# Top Christmas Films!



## cobra (Feb 18, 2012)

With the dark evenings and bonfire night almost over, what are your top Christmas films,

Mine are: 
1) Home alone ("This is my house, I have to defend it." )
2) A Christmas Story ("I want an official Red Ryder, carbine action, two-hundred shot range model air rifle!" )
3) A Christmas Carol (George C. Scott)
4) It's a Wonderful Life
5) Trading Places

PS: Does Die Hard count?


----------



## Junior Bear (Sep 2, 2008)

National lampoons!


----------



## Natalie (Jan 19, 2011)

Miracle on 34th Street


----------



## J1ODY A (Nov 28, 2008)

Elf... End of


----------



## Tips (Mar 27, 2011)




----------



## Tips (Mar 27, 2011)




----------



## bobbyjoeufb (Dec 29, 2011)




----------



## Tips (Mar 27, 2011)




----------



## Tips (Mar 27, 2011)




----------



## Tips (Mar 27, 2011)




----------



## jontymo (Feb 17, 2007)

Die Hard definitely

Bad Santa!!!!
National Lampoons Christmas Vacation. 
A Christmas Carol (the one with Patrick Stewart)
Lethal Weapon
The Grinch Stole Christmas
Gremlins
Scrooge
Elf

Wow some good un's there, i forgot how many i really like, for some reason i also associate The Goonies with Xmas as well.


----------



## Tips (Mar 27, 2011)




----------



## Tips (Mar 27, 2011)




----------



## chisai (Jan 1, 2009)

All these and then The Polar Express.


----------



## J1ODY A (Nov 28, 2008)

Superman


----------



## Tips (Mar 27, 2011)

... it's a horror film folks


----------



## cobra (Feb 18, 2012)

Tips said:


> ... it's a horror film folks


which film is this?


----------



## james_19742000 (May 8, 2008)

Tips said:


>


Surely you could of picked an image from this film that showed Jamie Lee Curtis' rather fine boobs!!!!
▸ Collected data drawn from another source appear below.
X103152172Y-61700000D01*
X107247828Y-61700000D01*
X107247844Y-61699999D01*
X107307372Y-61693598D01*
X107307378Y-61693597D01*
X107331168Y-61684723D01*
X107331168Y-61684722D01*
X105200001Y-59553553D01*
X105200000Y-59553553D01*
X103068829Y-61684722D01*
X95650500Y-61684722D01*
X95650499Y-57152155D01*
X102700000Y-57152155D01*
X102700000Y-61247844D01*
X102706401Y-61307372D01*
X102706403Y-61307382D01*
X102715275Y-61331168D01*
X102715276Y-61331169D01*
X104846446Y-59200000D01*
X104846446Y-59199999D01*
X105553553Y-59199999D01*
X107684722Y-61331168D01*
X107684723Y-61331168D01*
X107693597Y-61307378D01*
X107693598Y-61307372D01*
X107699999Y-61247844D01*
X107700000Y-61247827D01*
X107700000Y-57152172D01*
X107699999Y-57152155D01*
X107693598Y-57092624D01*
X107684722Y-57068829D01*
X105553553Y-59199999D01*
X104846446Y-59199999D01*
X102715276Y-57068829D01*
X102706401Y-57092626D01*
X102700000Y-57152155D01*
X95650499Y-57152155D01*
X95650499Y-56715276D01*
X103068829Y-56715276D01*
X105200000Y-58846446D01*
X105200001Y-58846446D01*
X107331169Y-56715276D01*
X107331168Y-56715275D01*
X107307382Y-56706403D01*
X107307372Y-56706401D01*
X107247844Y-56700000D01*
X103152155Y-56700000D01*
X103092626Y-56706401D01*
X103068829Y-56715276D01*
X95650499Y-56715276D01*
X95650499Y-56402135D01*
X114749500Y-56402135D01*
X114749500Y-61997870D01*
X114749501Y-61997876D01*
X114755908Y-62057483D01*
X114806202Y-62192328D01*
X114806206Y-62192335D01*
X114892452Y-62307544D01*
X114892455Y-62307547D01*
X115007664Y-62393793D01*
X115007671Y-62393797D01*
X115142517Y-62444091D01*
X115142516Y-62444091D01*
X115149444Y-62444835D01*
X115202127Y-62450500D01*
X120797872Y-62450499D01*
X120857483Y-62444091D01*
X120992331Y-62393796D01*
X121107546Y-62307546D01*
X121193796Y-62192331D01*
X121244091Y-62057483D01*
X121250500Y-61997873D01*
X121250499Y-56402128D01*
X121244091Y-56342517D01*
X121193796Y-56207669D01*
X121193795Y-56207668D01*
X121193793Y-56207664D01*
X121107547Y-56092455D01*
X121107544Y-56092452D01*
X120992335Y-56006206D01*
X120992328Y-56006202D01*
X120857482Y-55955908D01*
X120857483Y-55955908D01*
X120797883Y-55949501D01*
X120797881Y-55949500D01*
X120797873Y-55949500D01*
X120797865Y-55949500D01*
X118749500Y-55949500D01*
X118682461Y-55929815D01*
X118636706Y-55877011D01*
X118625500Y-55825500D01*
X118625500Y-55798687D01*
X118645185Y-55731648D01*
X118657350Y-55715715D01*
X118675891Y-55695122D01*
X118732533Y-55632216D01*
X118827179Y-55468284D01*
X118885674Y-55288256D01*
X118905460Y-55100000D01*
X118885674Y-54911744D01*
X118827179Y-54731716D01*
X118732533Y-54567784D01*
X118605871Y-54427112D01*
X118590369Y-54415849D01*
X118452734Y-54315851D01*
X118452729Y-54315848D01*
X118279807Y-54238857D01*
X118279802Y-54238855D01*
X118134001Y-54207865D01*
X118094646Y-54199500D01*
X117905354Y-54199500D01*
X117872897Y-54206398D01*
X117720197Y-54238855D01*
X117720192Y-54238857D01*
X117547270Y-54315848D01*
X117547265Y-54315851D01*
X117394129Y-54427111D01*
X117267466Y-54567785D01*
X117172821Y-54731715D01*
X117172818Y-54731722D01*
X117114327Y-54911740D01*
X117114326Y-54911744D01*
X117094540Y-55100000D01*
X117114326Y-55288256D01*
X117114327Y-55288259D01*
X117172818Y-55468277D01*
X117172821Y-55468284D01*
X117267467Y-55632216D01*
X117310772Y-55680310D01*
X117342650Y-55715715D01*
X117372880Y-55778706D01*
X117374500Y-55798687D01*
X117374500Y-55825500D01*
But, yes great late night Xmas film!!!


----------



## Tips (Mar 27, 2011)

cobra said:


> which film is this?












Black Christmas (1974) - they show it every christmas on channel 4 

It should be watched by every horror fan, and so far ahead of it's time. :thumb:


----------



## The Cueball (Feb 8, 2007)

the great escape

:thumb:


----------



## Tips (Mar 27, 2011)

james_19742000 said:


> Surely you could of picked an image from this film that showed Jamie Lee Curtis' rather fine boobs!!!!!
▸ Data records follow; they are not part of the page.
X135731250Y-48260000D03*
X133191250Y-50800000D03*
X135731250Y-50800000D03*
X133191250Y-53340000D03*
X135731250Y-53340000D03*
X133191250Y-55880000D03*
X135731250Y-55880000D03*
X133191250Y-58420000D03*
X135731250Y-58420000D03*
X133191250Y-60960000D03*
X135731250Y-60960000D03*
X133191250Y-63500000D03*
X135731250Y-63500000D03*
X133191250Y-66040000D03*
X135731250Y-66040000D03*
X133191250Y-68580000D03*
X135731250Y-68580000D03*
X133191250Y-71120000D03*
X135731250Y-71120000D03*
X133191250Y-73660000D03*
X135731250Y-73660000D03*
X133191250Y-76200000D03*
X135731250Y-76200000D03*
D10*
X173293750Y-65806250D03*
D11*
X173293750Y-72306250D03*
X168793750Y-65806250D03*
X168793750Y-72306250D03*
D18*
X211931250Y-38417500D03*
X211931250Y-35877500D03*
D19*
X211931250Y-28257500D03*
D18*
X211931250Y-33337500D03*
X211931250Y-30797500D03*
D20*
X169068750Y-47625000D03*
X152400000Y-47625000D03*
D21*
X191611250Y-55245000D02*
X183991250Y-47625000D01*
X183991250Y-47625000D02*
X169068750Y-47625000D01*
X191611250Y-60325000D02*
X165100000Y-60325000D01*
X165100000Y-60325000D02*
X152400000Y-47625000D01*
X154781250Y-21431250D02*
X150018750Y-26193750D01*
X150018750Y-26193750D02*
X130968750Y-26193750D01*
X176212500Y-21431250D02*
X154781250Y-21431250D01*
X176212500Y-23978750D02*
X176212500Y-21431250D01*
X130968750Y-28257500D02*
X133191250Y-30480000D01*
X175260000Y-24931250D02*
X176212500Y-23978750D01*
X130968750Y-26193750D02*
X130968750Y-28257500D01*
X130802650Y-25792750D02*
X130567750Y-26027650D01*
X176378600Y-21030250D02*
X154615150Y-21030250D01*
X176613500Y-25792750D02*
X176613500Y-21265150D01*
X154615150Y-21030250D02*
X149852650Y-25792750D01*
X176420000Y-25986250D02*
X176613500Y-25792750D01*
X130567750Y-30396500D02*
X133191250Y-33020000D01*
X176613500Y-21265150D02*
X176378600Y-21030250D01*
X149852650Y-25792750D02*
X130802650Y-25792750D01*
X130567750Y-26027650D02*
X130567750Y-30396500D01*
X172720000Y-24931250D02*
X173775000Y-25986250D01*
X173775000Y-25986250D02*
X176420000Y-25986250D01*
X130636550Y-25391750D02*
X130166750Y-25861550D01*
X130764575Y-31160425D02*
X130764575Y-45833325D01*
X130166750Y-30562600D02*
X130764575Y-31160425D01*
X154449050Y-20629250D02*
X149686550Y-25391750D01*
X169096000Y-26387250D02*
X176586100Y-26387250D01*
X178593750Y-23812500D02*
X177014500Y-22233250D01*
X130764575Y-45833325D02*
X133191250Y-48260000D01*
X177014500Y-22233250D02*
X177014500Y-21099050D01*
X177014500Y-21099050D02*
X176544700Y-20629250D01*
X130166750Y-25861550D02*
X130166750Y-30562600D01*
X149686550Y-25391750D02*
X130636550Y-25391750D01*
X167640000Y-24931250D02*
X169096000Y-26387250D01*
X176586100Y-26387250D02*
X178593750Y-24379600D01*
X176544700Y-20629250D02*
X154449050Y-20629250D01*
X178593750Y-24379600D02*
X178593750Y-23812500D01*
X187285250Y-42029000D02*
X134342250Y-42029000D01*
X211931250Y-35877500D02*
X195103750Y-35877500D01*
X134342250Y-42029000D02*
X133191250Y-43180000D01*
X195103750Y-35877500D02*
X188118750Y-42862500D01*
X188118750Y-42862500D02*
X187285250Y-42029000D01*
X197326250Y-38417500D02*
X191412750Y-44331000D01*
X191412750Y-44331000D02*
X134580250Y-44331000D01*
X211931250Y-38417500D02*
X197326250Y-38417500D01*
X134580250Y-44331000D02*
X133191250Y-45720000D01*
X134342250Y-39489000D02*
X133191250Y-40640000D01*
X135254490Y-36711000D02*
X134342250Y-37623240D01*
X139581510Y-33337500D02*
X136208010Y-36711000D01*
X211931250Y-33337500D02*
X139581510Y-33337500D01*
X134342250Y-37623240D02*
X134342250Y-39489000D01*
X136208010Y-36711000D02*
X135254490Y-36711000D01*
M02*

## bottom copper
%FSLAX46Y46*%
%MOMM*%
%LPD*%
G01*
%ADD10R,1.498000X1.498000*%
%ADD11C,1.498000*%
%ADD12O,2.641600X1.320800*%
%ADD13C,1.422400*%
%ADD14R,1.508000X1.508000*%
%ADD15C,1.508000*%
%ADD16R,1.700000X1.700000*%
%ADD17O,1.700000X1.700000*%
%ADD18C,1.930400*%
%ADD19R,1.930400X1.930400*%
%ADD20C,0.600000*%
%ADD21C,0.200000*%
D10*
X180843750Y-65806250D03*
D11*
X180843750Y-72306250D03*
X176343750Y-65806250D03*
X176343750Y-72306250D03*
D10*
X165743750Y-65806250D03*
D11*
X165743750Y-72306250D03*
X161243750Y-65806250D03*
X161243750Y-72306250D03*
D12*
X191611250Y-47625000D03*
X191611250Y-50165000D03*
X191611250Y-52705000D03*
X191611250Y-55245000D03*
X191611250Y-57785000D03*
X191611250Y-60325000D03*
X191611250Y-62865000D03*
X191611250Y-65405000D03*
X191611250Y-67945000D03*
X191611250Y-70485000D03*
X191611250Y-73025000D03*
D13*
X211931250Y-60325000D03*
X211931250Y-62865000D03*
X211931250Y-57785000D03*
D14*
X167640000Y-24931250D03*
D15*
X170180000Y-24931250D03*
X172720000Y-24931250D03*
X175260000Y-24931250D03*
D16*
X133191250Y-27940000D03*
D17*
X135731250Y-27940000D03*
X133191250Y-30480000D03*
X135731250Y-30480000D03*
She was posted in all her glory in the infamous 'sexy gif' thread.


----------



## DJ X-Ray (Sep 2, 2012)

The Polar Express
Arthur Christmas
The Wizard Of OZ
Oliver
Vacation
Gone With The Wind


----------



## robtech (Jan 17, 2011)

my fave all time film and xmas film is called COMFORT AND JOY,made by the same chap that made gregories girl....stars bill paterson clare grogan etc and is set in glasgow around 1984 at xmas time..love the film


----------



## S63 (Jan 5, 2007)

A box set of Marx Brothers and all the Ealing comedies would be my idea of a perfect tv Christmas.


----------



## The Cueball (Feb 8, 2007)

robtech said:


> my fave all time film and xmas film is called COMFORT AND JOY,made by the same chap that made gregories girl....stars bill paterson clare grogan etc and is set in glasgow around 1984 at xmas time..love the film


selling new ones on amazon from £43

:doublesho:doublesho:doublesho

WTF is that about!?!? :lol: :wall:


----------



## nick.s (Dec 21, 2009)

Light the lamp not the rat, LIGHT THE LAMP NOT THE RAT!!!

I give you:


----------



## Bustanut (Jun 11, 2011)

Tips said:


>


I'm with tips on this one, my favourite film of all time. Smiling now just thinking of it.


----------



## Beancounter (Aug 31, 2006)

Dj.X-Ray said:


> The Polar Express


^^^THIS +100 :thumb:


----------



## Hasan1 (Jul 1, 2011)

Junior Bear said:


> National lampoons!


Has to be this :thumb:


----------



## Renegade (Nov 8, 2010)

Scrooged with bill murry!! 
Gotta watch it every year. 
Also white Christmas with Bing crosby! 


Sent from my HTC Wildfire using Tapatalk 2


----------



## VW STEVE. (Mar 18, 2012)

The Cueball said:


> the great escape
> 
> :thumb:


..........beat me to it.


----------



## silverback (Jun 18, 2008)

national lampoons christmas vacation,gremlins and scrooged.


----------



## R7KY D (Feb 16, 2010)

Planes trains and automobiles


----------



## VW Golf-Fan (Aug 3, 2010)

Jingle All The Way (1996)


----------



## Tips (Mar 27, 2011)

^^


----------



## T.D.K (Mar 16, 2011)

*National Lampoons Christmas Vacation.*

Reminds me of being a kid, this was always on and the whole family would watch it.

God I miss those days...


----------



## sistersvisions (Jul 28, 2010)

Love Actually
Trading Places
National Lampoon's Christmas Vacation
Home Alone
Jingle All the Way
Die Hard
Gremlins
Elf
Batman Returns


----------



## Kriminal (Jan 11, 2007)

Chitty Chitty Bang Bang - one of the best Christmas Car Restoration Films EVER :thumb:


----------



## AndyC (Oct 25, 2005)

Love Actually every Xmas Eve, cheesy and traditional but it's only once a year


----------



## lowejackson (Feb 23, 2006)

Without any doubt my top Christmas film is the inexplicably obscure The Bishops Wife with David Niven and Cary Grant


----------



## Tips (Mar 27, 2011)

Tips said:


> Black Christmas (1974) - they show it every christmas on channel 4
> 
> It should be watched by every horror fan, and so far ahead of it's time. :thumb:


Black Christmas is on tonight - Zone Horror 10:55pm


----------



## DJ X-Ray (Sep 2, 2012)

Oliver
David Copperfield
Around The World In 80 Days


----------